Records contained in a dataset
::::

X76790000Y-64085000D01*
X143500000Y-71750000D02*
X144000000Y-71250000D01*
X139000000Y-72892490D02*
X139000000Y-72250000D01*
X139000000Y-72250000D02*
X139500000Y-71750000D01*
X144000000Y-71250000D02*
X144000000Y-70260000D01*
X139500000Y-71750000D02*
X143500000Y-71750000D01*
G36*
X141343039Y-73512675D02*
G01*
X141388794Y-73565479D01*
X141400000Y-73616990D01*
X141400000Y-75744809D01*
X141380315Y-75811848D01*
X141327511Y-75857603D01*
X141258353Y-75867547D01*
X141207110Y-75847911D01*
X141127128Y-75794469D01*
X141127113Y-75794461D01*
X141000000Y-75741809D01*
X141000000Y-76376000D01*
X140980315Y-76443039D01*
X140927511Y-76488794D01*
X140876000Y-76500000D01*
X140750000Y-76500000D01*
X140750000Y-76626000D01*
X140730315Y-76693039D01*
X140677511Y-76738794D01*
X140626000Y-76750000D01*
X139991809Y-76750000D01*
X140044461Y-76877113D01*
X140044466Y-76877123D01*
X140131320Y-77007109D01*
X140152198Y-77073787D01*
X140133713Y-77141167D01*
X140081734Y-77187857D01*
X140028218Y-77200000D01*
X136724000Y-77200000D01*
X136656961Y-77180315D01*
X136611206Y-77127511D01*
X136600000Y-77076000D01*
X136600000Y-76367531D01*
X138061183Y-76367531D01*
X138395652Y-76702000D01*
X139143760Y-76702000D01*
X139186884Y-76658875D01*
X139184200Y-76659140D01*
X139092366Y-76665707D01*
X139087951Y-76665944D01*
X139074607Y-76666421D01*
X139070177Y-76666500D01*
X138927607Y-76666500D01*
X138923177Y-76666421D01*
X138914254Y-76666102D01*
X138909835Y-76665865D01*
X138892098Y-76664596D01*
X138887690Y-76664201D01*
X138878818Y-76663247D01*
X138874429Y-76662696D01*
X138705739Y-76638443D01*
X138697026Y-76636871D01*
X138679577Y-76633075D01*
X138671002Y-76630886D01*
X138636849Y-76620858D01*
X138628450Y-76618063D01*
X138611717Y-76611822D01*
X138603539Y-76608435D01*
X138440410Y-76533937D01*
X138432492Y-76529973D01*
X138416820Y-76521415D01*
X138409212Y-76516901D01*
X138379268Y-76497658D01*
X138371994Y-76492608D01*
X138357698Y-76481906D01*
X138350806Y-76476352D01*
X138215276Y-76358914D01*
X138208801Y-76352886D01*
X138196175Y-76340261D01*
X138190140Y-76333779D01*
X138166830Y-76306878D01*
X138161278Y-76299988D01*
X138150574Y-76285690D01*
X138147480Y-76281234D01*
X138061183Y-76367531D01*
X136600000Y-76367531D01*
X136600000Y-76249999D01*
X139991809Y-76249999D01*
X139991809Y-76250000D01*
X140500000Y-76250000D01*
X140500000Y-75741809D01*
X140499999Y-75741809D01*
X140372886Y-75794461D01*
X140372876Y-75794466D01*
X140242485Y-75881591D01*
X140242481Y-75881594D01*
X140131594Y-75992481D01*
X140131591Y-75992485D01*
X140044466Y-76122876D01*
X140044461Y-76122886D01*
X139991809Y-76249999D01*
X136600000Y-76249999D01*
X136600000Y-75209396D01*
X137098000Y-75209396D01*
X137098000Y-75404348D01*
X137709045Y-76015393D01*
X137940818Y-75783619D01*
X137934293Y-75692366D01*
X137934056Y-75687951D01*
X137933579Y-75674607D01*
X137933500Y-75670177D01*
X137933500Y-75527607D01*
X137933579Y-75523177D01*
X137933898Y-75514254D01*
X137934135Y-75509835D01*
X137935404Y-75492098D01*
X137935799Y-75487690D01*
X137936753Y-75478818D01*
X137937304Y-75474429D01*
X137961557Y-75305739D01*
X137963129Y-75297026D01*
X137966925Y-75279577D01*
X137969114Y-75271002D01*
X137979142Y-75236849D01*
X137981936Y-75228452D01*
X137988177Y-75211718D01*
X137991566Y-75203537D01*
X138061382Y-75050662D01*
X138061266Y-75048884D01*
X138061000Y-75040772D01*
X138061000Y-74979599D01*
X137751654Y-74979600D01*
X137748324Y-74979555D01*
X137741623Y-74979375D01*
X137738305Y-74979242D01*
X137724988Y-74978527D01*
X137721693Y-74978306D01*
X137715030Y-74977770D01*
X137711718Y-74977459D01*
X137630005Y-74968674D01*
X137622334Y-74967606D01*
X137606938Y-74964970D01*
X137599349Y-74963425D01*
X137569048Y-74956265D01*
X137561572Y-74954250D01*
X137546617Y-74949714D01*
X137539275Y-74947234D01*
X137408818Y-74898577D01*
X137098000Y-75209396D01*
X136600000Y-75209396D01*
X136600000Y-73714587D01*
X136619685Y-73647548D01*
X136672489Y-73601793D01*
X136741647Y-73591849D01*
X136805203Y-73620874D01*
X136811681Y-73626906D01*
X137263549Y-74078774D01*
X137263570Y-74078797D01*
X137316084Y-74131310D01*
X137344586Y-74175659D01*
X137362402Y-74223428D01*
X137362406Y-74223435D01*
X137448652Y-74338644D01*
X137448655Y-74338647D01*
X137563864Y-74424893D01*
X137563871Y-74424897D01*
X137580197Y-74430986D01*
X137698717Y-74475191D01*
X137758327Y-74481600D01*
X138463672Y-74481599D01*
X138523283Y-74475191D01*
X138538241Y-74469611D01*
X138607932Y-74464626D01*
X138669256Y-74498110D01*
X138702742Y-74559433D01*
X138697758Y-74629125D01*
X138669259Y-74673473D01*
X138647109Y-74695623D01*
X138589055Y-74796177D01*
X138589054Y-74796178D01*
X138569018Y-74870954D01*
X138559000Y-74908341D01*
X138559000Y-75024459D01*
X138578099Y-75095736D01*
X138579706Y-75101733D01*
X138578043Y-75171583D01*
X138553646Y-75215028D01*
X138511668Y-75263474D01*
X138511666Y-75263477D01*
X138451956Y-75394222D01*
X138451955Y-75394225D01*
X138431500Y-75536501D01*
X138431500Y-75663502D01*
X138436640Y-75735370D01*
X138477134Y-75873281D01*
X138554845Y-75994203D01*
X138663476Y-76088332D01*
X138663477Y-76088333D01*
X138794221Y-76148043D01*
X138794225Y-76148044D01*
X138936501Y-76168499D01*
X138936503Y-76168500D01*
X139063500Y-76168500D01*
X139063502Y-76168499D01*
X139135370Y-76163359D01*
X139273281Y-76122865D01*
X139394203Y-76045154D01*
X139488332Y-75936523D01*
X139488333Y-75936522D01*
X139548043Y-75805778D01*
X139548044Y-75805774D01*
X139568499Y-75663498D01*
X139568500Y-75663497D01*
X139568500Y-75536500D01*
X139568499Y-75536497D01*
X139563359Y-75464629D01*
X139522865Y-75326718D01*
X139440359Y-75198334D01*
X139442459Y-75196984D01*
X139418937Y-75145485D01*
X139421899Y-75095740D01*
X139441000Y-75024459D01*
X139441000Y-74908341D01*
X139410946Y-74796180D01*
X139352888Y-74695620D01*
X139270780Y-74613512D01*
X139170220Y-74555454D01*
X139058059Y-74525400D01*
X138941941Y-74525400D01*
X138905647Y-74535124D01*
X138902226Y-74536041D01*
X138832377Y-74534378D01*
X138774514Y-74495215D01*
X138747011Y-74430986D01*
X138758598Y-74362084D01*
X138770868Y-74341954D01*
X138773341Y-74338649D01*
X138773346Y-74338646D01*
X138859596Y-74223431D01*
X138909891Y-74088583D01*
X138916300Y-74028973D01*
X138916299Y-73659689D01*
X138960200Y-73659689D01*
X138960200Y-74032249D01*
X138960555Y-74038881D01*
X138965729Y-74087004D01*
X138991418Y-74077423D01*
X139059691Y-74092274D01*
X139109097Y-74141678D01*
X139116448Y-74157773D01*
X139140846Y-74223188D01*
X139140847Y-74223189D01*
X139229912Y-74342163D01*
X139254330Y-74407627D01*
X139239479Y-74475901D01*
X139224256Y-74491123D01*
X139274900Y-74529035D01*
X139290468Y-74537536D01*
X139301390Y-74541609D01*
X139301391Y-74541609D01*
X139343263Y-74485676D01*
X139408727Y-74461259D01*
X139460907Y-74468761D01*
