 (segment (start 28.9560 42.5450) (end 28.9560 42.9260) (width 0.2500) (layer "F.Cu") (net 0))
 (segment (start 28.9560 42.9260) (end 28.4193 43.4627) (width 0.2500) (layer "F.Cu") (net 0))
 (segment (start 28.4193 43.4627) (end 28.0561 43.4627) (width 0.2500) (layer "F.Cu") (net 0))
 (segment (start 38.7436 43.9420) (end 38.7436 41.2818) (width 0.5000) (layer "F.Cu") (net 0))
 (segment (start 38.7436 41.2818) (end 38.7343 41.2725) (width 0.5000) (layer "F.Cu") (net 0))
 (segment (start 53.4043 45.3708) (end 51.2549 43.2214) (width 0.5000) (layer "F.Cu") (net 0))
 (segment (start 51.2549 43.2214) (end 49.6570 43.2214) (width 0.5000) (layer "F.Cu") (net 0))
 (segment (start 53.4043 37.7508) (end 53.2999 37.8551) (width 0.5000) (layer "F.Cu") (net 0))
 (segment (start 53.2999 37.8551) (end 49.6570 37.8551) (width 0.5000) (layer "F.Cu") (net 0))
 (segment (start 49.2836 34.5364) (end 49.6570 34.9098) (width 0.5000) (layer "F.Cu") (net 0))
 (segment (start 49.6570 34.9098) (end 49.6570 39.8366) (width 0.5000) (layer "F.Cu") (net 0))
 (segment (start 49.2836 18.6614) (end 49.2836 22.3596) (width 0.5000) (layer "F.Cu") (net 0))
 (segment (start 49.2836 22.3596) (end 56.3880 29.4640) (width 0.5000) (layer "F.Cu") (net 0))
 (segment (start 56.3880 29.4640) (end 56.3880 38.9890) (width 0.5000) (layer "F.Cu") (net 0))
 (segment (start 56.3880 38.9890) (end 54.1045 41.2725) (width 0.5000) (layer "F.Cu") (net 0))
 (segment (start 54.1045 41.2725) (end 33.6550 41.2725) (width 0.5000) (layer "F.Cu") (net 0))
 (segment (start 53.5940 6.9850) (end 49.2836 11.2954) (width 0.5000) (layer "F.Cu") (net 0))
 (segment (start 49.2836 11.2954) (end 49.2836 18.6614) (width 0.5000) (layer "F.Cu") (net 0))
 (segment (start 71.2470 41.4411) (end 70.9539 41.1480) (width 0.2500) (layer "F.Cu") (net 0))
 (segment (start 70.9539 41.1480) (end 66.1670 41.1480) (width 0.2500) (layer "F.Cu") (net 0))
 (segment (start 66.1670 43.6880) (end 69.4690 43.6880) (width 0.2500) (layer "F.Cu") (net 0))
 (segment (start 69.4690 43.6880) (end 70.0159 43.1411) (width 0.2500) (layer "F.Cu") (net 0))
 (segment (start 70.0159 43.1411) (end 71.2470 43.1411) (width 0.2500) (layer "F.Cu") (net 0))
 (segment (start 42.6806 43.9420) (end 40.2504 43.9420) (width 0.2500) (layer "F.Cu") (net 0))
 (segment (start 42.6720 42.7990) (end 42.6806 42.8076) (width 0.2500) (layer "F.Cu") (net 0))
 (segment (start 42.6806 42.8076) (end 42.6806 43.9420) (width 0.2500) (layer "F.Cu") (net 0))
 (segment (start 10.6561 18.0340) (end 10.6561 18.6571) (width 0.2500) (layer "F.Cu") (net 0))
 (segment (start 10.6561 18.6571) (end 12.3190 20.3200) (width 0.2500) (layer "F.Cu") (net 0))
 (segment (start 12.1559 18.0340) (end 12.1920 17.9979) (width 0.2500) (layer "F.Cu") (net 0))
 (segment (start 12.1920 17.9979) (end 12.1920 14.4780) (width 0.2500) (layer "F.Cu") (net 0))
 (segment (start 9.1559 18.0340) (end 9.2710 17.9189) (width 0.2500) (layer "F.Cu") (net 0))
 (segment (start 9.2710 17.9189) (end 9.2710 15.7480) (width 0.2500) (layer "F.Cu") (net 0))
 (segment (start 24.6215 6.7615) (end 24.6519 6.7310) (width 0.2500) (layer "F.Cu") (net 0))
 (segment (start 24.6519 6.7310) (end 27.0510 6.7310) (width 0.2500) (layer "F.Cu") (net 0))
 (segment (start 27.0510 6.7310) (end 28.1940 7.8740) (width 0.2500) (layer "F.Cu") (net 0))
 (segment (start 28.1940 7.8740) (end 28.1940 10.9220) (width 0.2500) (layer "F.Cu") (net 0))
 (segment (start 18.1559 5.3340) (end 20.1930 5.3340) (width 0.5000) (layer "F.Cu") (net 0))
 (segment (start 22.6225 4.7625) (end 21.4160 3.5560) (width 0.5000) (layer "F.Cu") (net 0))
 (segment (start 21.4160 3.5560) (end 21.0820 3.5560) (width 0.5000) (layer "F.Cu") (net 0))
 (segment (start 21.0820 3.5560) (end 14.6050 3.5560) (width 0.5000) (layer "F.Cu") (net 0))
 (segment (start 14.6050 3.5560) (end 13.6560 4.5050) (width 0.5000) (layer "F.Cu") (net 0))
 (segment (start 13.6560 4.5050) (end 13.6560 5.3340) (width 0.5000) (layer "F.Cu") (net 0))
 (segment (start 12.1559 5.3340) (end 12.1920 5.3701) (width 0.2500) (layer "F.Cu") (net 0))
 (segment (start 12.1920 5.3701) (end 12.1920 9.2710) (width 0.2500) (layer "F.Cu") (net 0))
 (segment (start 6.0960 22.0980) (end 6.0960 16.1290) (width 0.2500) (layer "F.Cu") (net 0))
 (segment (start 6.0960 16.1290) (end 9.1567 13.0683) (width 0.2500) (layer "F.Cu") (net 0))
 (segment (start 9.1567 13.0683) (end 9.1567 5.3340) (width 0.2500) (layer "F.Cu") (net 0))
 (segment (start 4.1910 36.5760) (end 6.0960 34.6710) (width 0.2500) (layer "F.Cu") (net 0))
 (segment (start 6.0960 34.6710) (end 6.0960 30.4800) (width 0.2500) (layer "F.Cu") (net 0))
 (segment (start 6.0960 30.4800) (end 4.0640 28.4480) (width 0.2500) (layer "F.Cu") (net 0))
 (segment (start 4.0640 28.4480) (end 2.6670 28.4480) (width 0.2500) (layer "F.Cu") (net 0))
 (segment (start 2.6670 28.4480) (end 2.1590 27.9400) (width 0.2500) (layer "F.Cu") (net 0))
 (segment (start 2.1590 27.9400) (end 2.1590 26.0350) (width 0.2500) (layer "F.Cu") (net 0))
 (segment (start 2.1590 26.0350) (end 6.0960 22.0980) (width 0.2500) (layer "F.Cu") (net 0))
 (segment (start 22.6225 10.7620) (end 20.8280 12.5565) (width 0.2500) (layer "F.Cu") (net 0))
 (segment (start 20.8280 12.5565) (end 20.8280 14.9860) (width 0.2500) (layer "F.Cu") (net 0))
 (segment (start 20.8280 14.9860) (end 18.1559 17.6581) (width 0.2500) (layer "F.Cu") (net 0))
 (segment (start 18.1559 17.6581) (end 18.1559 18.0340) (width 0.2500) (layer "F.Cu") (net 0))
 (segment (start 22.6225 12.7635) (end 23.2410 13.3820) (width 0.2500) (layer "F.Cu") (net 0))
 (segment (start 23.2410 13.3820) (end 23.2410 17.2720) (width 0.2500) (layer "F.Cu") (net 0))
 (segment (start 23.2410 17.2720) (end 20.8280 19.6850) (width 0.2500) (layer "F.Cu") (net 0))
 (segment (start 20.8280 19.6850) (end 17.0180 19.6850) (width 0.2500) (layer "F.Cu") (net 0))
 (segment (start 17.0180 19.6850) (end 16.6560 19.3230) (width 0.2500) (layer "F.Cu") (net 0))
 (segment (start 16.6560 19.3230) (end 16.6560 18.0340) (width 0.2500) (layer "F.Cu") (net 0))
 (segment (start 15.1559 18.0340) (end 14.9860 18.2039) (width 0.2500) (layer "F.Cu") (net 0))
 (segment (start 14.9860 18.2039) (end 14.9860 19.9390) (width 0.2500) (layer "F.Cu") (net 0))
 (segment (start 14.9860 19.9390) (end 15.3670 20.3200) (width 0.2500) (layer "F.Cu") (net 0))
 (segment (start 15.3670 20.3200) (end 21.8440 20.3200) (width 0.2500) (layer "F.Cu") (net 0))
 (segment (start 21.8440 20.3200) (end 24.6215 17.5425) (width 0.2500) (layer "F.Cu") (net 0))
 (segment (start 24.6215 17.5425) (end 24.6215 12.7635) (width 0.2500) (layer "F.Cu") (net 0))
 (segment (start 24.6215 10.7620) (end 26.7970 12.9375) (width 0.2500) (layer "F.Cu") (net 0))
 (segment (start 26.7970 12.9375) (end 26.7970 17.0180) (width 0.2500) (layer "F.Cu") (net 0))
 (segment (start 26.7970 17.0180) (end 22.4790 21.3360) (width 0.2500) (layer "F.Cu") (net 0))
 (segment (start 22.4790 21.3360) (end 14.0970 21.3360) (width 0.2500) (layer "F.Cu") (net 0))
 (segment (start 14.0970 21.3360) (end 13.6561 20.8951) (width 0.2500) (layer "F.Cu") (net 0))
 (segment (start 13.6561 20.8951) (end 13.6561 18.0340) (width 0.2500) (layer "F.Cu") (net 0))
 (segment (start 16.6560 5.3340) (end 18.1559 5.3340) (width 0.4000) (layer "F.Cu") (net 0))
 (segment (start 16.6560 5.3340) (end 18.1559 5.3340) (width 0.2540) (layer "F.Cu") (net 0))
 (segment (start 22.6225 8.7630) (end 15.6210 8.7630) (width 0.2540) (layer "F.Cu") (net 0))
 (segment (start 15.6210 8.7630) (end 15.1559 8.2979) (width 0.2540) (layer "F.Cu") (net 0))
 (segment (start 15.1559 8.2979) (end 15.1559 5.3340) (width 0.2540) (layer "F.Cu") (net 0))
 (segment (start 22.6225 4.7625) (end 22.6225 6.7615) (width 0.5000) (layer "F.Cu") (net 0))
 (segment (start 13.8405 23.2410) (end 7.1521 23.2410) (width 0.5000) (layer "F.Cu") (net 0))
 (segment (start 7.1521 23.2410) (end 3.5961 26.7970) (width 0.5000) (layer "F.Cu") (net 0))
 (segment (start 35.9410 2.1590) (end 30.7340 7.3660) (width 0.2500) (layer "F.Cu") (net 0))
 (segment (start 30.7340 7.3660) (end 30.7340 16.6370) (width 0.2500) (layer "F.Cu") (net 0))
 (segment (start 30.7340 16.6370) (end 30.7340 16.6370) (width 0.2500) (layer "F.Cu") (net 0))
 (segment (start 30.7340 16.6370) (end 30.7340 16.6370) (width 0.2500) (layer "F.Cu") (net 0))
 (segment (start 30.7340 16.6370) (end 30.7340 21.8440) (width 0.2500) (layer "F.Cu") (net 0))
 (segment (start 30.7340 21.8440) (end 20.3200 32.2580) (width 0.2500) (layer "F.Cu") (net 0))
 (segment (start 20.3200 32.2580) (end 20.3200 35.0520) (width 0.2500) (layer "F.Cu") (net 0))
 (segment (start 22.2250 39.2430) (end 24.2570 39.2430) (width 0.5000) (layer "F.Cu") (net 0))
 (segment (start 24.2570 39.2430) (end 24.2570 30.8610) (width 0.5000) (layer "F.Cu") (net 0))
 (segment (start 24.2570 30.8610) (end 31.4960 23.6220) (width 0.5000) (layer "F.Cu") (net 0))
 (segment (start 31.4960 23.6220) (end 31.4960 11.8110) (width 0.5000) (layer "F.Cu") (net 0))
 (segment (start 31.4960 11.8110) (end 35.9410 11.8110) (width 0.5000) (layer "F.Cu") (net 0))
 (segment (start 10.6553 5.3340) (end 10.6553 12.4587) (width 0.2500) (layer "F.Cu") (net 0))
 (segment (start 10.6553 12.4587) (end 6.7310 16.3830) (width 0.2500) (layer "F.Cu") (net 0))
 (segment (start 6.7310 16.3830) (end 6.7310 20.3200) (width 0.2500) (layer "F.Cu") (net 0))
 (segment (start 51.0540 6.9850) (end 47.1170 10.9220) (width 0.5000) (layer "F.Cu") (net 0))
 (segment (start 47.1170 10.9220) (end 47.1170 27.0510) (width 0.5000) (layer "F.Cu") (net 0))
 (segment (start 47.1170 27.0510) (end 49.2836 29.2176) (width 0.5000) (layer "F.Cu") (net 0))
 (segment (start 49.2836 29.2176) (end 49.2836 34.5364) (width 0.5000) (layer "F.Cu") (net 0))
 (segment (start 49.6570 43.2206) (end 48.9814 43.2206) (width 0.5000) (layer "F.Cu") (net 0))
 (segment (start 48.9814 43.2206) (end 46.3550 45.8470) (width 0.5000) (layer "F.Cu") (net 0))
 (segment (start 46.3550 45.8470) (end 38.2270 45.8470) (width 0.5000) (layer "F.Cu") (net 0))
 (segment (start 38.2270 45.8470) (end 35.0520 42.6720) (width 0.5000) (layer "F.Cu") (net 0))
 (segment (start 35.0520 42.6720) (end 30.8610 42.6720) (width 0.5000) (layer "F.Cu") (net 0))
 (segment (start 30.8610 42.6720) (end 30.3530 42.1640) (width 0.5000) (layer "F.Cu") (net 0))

::::

Beginning with the very first line of the records above, please retype each line through the one that has "X140081734Y-77187857D01*", and add nothing.

X76790000Y-64085000D01*
X143500000Y-71750000D02*
X144000000Y-71250000D01*
X139000000Y-72892490D02*
X139000000Y-72250000D01*
X139000000Y-72250000D02*
X139500000Y-71750000D01*
X144000000Y-71250000D02*
X144000000Y-70260000D01*
X139500000Y-71750000D02*
X143500000Y-71750000D01*
G36*
X141343039Y-73512675D02*
G01*
X141388794Y-73565479D01*
X141400000Y-73616990D01*
X141400000Y-75744809D01*
X141380315Y-75811848D01*
X141327511Y-75857603D01*
X141258353Y-75867547D01*
X141207110Y-75847911D01*
X141127128Y-75794469D01*
X141127113Y-75794461D01*
X141000000Y-75741809D01*
X141000000Y-76376000D01*
X140980315Y-76443039D01*
X140927511Y-76488794D01*
X140876000Y-76500000D01*
X140750000Y-76500000D01*
X140750000Y-76626000D01*
X140730315Y-76693039D01*
X140677511Y-76738794D01*
X140626000Y-76750000D01*
X139991809Y-76750000D01*
X140044461Y-76877113D01*
X140044466Y-76877123D01*
X140131320Y-77007109D01*
X140152198Y-77073787D01*
X140133713Y-77141167D01*
X140081734Y-77187857D01*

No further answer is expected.